To create a stand-alone service, only the main routine of the service needs to be modified as follows. Instead of just calling the soap_serve routine, the main routine is changed into:

int main()
{
   struct soap soap;
   int m, s; // master and slave sockets
   soap_init(&soap);
   m = soap_bind(&soap, "machine.genivia.com", 18083, 100);
   if (m < 0)
      soap_print_fault(&soap, stderr);
   else
   {
      fprintf(stderr, "Socket connection successful: master socket = %d\n", m);
      for (int i = 1; ; i++)
      {
         s = soap_accept(&soap);
         if (s < 0)
         {
            soap_print_fault(&soap, stderr);
            break;
         }
         fprintf(stderr, "%d: accepted connection from IP=%d.%d.%d.%d socket=%d", i,
            (soap.ip >> 24)&0xFF, (soap.ip >> 16)&0xFF, (soap.ip >> 8)&0xFF, soap.ip&0xFF, s);
         if (soap_serve(&soap) != SOAP_OK) // process RPC request
            soap_print_fault(&soap, stderr); // print error
         fprintf(stderr, "request served\n");
         soap_destroy(&soap); // clean up class instances
         soap_end(&soap); // clean up everything and close socket
      }
   }
   soap_done(&soap); // close master socket and detach context
}

The soap_serve dispatcher handles one request or multiple requests when HTTP keep-alive is enabled (with the SOAP_IO_KEEPALIVE flag see Section 19.11).

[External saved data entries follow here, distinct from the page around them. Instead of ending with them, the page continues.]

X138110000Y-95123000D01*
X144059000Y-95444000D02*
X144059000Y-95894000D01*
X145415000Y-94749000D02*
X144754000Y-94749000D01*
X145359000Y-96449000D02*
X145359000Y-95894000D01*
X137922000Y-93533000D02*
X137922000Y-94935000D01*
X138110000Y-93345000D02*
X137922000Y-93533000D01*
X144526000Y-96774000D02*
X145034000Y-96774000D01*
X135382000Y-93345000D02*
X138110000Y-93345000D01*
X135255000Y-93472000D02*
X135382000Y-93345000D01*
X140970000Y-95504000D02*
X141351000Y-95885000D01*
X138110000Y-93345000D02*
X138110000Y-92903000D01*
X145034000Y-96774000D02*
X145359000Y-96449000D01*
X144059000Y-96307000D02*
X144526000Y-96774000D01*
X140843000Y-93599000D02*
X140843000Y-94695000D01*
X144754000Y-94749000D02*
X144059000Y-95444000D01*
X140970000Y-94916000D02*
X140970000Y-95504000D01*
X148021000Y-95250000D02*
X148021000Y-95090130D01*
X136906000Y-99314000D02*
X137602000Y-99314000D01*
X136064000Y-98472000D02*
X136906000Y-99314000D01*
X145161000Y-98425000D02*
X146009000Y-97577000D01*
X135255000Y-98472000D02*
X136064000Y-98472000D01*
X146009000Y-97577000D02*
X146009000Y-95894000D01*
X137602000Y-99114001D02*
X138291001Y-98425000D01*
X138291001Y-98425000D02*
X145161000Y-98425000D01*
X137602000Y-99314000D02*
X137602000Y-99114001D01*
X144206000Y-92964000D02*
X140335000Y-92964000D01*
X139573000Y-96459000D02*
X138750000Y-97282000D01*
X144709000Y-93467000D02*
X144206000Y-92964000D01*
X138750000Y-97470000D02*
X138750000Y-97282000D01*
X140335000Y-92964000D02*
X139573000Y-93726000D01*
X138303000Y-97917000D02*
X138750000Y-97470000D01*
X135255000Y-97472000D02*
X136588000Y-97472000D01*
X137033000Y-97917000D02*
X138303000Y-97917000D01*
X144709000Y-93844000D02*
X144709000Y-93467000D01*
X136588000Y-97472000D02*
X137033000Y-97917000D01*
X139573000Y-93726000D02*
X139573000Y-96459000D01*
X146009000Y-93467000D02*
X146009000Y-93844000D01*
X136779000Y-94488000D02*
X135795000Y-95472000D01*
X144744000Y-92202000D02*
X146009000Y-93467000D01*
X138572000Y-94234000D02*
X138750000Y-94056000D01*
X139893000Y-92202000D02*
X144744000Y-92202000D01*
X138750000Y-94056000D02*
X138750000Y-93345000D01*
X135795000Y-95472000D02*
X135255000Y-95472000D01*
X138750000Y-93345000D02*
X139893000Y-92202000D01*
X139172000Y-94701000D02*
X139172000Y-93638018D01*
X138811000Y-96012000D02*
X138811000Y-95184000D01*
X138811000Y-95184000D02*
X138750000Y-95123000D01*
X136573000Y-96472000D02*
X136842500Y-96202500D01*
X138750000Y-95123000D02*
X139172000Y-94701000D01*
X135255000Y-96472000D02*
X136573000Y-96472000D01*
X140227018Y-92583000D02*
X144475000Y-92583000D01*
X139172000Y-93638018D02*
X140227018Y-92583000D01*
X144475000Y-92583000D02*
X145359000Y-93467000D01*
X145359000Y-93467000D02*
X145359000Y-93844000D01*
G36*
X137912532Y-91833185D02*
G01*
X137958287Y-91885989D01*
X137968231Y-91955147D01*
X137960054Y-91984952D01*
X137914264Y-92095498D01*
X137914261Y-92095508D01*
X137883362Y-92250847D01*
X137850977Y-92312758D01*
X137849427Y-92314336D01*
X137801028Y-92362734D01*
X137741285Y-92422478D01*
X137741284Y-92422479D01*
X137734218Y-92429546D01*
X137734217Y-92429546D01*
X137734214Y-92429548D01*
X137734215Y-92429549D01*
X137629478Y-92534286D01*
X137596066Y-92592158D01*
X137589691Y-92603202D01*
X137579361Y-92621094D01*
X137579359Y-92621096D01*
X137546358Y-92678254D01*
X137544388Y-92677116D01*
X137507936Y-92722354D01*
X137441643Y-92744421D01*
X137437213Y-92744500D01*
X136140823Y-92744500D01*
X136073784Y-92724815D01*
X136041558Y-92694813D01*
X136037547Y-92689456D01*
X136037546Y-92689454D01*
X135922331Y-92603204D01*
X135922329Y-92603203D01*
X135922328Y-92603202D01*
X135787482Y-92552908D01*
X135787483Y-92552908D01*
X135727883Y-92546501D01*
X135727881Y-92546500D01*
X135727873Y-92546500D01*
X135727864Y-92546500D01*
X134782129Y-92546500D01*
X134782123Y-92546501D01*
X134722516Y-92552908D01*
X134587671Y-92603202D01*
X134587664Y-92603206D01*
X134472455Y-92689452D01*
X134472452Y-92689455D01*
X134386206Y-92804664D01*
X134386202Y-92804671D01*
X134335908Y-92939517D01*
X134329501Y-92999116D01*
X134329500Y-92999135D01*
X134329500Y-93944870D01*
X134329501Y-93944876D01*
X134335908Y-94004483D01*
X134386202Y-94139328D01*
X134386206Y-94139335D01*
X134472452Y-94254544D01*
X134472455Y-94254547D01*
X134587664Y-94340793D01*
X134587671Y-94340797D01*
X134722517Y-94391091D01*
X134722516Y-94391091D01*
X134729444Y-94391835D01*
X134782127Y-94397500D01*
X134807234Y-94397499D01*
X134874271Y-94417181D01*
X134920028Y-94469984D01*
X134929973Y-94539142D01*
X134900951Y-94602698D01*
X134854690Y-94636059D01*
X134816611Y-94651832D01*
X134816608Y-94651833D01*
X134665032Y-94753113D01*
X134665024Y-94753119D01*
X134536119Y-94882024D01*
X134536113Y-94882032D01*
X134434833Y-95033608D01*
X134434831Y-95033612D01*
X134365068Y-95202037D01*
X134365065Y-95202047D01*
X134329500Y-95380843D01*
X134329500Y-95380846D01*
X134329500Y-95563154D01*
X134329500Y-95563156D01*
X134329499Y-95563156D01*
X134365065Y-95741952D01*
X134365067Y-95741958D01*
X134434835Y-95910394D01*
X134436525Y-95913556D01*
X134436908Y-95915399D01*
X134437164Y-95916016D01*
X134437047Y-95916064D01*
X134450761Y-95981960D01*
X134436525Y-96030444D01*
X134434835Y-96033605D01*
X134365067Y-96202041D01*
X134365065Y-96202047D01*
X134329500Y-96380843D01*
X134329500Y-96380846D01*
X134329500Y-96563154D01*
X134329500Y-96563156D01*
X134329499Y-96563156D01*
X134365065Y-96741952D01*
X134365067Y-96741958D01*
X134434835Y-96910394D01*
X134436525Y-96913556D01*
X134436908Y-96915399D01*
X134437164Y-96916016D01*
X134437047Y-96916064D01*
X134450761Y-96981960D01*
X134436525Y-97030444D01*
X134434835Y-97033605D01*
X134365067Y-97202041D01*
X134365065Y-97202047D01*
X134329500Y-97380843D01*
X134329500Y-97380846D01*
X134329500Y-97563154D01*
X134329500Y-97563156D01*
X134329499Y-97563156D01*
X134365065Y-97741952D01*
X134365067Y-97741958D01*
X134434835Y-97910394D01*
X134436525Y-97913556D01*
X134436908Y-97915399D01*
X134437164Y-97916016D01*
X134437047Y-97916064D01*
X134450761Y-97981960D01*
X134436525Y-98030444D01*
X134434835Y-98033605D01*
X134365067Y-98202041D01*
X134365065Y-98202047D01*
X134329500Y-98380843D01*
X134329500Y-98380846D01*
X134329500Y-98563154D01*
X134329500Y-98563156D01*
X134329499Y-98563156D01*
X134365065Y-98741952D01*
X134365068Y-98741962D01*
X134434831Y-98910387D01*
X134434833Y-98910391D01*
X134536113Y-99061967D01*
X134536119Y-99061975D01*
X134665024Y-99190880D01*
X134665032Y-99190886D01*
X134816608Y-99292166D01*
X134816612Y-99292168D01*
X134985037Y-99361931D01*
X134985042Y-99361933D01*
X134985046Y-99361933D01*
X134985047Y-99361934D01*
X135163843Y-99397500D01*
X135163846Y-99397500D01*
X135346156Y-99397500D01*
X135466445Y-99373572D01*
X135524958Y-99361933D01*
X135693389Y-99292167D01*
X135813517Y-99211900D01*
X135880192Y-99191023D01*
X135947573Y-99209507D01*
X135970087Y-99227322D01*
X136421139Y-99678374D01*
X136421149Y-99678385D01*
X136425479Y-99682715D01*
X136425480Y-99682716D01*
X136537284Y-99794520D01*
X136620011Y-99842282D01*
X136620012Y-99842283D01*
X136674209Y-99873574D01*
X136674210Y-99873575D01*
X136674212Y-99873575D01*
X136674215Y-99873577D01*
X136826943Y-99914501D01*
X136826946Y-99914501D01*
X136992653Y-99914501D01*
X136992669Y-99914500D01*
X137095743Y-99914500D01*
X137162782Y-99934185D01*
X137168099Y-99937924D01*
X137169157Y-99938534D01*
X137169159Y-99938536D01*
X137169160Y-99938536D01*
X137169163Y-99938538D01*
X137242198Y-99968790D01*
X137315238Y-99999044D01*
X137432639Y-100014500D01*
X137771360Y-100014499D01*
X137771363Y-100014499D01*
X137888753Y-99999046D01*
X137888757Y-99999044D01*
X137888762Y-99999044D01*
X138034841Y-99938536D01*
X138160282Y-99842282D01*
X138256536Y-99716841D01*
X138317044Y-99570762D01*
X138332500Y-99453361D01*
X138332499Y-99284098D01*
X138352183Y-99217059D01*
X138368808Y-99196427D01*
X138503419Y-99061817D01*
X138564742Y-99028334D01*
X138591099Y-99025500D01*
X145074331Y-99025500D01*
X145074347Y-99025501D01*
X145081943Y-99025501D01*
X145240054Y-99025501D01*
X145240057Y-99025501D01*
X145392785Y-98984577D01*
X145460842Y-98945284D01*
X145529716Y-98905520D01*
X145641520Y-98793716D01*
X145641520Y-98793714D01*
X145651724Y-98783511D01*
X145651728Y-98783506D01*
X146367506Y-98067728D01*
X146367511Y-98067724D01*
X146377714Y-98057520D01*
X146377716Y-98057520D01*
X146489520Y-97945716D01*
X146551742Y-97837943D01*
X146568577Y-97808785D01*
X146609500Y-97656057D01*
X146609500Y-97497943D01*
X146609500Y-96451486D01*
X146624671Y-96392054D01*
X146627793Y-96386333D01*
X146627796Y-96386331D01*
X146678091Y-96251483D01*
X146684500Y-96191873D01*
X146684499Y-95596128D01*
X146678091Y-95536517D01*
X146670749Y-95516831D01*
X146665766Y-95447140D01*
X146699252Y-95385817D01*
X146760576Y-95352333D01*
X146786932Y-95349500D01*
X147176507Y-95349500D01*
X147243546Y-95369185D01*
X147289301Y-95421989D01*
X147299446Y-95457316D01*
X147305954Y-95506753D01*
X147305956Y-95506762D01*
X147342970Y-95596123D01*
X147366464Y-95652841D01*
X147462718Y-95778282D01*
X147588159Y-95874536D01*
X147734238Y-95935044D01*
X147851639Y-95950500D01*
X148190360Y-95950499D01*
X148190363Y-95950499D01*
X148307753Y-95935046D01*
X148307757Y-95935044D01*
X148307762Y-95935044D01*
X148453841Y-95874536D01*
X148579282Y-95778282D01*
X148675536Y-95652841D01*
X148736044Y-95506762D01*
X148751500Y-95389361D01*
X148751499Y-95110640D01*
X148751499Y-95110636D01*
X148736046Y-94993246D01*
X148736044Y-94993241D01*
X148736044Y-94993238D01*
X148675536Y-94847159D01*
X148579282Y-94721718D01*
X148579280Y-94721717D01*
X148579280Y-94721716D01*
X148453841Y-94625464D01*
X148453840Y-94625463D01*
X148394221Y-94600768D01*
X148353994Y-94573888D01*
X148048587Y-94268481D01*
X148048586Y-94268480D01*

The gSOAP functions that are frequently used for server-side coding are:

Function	Description
soap_new()	Allocates and Initializes gSOAP context
soap_init(struct* soap soap)	Initializes a stack-allocated gSOAP context (required once)
soap_bind(struct* soap soap, char* host, int* port, int backlog)*	Returns master socket (backlog = max. queue size for requests). When host==NULL: host is the machine on which the service runs
soap_accept(struct* soap soap)	Returns slave socket
soap_end(struct* soap soap)	Clean up deserialized data (except class instances) and temporary data
soap_free_temp(struct* soap soap)	Clean up temporary data only
soap_destroy(struct* soap soap)	Clean up deserialized class instances (note: this function will be renamed with option -n
soap_done(struct* soap soap)	Reset and detach context: close master/slave sockets and remove callbacks
soap_free(struct* soap soap)	Detach and deallocate context (soap_new())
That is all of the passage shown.